Problem description.
Below are the records; copy exactly the stretch from the line containing "(setup (last_trace_width 0.25)" through the line containing "(mod_text_size 1 1)", both ends included, and nothing else.

Given data.
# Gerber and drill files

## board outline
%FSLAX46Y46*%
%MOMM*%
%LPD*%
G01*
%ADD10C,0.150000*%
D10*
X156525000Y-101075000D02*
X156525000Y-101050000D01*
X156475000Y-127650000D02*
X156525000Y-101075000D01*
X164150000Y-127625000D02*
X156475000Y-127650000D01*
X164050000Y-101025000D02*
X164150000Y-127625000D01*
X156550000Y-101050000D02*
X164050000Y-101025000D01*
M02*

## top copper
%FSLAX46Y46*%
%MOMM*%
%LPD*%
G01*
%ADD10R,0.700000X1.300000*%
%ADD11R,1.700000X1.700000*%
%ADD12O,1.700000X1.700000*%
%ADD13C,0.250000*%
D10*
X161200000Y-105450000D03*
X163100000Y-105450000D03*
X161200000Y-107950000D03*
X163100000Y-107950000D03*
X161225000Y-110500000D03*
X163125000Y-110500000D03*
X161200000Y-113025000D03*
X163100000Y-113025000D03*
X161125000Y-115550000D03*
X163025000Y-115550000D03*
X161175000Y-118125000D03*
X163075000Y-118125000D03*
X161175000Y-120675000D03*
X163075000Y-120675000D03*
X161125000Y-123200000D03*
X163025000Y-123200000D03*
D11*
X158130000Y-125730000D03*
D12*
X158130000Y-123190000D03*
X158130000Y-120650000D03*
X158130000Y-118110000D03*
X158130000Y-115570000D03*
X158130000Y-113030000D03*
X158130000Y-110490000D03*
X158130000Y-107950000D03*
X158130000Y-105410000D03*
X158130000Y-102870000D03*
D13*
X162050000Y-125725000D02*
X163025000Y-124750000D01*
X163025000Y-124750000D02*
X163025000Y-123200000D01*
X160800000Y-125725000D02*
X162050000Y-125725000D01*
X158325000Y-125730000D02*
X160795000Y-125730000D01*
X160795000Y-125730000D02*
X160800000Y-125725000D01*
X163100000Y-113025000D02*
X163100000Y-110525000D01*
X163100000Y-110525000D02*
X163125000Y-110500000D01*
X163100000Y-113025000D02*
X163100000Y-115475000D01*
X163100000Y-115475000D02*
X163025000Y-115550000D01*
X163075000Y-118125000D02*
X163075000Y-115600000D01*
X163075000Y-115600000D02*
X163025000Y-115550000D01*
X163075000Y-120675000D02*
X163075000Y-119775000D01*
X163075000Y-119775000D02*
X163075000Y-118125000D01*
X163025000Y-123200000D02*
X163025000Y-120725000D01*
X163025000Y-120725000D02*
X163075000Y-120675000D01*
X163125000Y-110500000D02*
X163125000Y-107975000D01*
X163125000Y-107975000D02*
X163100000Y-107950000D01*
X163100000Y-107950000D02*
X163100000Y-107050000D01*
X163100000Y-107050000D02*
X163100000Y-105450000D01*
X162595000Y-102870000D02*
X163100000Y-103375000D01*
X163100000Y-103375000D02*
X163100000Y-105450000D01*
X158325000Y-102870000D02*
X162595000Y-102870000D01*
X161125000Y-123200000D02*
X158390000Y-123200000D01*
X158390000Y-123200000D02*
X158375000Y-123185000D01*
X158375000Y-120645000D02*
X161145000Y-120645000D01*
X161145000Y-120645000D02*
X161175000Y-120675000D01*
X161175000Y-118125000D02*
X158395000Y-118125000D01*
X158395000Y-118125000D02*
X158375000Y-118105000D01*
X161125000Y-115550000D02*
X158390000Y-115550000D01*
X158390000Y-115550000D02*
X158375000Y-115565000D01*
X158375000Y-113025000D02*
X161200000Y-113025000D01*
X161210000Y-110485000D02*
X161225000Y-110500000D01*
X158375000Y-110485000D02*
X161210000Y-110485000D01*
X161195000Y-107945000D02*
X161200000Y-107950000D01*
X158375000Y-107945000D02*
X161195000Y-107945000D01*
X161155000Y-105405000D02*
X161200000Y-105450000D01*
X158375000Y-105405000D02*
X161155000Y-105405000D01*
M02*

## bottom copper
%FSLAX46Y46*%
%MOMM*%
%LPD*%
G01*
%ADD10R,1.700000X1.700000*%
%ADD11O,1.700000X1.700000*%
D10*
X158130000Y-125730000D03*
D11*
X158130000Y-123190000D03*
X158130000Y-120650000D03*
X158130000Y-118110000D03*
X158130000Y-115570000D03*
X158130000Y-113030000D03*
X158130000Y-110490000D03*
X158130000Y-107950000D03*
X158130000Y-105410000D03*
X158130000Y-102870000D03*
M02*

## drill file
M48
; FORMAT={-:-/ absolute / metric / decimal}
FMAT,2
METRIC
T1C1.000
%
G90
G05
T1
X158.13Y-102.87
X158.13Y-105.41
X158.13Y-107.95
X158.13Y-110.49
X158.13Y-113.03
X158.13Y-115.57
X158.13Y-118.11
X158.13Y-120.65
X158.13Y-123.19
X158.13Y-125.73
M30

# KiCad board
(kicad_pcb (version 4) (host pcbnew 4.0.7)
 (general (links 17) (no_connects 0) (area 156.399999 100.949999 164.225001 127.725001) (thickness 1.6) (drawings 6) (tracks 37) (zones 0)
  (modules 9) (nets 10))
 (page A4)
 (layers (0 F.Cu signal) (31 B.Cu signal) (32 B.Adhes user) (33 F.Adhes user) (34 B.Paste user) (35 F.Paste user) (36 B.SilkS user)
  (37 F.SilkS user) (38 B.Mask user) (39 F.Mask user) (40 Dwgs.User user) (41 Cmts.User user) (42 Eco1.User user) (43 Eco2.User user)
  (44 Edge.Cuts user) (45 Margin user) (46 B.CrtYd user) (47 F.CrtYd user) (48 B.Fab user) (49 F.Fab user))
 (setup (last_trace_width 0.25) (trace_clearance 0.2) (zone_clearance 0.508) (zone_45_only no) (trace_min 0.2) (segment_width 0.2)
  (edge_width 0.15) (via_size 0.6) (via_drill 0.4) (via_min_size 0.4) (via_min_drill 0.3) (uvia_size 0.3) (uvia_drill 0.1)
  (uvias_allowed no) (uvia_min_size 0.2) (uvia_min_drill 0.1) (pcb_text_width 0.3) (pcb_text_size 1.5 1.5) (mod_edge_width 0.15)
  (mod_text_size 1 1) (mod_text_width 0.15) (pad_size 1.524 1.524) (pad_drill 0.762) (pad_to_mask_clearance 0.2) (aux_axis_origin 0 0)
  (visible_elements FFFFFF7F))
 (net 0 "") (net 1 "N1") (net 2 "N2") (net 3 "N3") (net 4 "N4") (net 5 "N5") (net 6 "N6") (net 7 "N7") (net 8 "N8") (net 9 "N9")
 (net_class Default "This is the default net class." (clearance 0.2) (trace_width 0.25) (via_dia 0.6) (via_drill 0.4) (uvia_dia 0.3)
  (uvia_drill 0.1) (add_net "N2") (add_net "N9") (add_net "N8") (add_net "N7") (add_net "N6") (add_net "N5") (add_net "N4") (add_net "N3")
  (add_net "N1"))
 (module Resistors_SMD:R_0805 (layer F.Cu) (at 162.15 105.45)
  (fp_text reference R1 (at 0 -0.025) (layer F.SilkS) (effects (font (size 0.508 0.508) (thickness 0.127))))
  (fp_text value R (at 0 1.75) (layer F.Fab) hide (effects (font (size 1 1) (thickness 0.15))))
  (pad 1 smd rect (at -0.95 0) (size 0.7 1.3) (layers F.Cu F.Paste F.Mask) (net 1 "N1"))
  (pad 2 smd rect (at 0.95 0) (size 0.7 1.3) (layers F.Cu F.Paste F.Mask) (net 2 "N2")))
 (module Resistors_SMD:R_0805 (layer F.Cu) (at 162.15 107.95)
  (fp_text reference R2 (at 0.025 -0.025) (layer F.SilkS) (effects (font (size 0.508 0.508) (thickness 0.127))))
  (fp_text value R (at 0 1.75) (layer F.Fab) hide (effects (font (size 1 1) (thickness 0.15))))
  (pad 1 smd rect (at -0.95 0) (size 0.7 1.3) (layers F.Cu F.Paste F.Mask) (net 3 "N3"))
  (pad 2 smd rect (at 0.95 0) (size 0.7 1.3) (layers F.Cu F.Paste F.Mask) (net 2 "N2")))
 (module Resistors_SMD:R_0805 (layer F.Cu) (at 162.175 110.5)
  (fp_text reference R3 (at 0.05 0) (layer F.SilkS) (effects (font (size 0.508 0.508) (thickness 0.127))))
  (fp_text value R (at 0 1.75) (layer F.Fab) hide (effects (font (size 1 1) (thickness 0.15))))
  (pad 1 smd rect (at -0.95 0) (size 0.7 1.3) (layers F.Cu F.Paste F.Mask) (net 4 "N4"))
  (pad 2 smd rect (at 0.95 0) (size 0.7 1.3) (layers F.Cu F.Paste F.Mask) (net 2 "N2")))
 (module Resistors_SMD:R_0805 (layer F.Cu) (at 162.15 113.025)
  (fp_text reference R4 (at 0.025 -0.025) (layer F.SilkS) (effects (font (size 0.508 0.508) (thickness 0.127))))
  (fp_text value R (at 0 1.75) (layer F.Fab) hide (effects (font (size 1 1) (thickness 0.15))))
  (pad 1 smd rect (at -0.95 0) (size 0.7 1.3) (layers F.Cu F.Paste F.Mask) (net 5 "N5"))
  (pad 2 smd rect (at 0.95 0) (size 0.7 1.3) (layers F.Cu F.Paste F.Mask) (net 2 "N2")))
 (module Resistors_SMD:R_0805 (layer F.Cu) (at 162.075 115.55)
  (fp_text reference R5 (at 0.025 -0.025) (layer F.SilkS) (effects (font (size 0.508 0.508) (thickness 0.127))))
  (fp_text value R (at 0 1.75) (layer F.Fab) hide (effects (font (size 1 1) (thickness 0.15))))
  (pad 1 smd rect (at -0.95 0) (size 0.7 1.3) (layers F.Cu F.Paste F.Mask) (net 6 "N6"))
  (pad 2 smd rect (at 0.95 0) (size 0.7 1.3) (layers F.Cu F.Paste F.Mask) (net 2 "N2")))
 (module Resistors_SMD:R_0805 (layer F.Cu) (at 162.125 118.125)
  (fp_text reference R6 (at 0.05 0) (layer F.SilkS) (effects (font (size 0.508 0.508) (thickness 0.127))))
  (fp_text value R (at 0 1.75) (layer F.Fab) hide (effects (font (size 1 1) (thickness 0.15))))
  (pad 1 smd rect (at -0.95 0) (size 0.7 1.3) (layers F.Cu F.Paste F.Mask) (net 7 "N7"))
  (pad 2 smd rect (at 0.95 0) (size 0.7 1.3) (layers F.Cu F.Paste F.Mask) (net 2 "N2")))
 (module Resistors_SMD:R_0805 (layer F.Cu) (at 162.125 120.675)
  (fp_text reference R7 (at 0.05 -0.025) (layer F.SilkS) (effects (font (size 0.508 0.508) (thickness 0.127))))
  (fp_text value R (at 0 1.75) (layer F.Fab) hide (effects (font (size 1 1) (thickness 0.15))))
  (pad 1 smd rect (at -0.95 0) (size 0.7 1.3) (layers F.Cu F.Paste F.Mask) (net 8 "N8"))
  (pad 2 smd rect (at 0.95 0) (size 0.7 1.3) (layers F.Cu F.Paste F.Mask) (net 2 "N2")))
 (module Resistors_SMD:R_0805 (layer F.Cu) (at 162.075 123.2)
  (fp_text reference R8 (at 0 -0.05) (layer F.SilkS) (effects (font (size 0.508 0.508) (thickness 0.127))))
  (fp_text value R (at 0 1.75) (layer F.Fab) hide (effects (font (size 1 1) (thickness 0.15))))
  (pad 1 smd rect (at -0.95 0) (size 0.7 1.3) (layers F.Cu F.Paste F.Mask) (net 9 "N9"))
  (pad 2 smd rect (at 0.95 0) (size 0.7 1.3) (layers F.Cu F.Paste F.Mask) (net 2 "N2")))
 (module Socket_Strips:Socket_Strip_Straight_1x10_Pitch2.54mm (layer B.Cu) (at 158.13 125.73)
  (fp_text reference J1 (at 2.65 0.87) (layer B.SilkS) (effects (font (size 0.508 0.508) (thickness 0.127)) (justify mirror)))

Written solution.
 (setup (last_trace_width 0.25) (trace_clearance 0.2) (zone_clearance 0.508) (zone_45_only no) (trace_min 0.2) (segment_width 0.2)
  (edge_width 0.15) (via_size 0.6) (via_drill 0.4) (via_min_size 0.4) (via_min_drill 0.3) (uvia_size 0.3) (uvia_drill 0.1)
  (uvias_allowed no) (uvia_min_size 0.2) (uvia_min_drill 0.1) (pcb_text_width 0.3) (pcb_text_size 1.5 1.5) (mod_edge_width 0.15)
  (mod_text_size 1 1) (mod_text_width 0.15) (pad_size 1.524 1.524) (pad_drill 0.762) (pad_to_mask_clearance 0.2) (aux_axis_origin 0 0)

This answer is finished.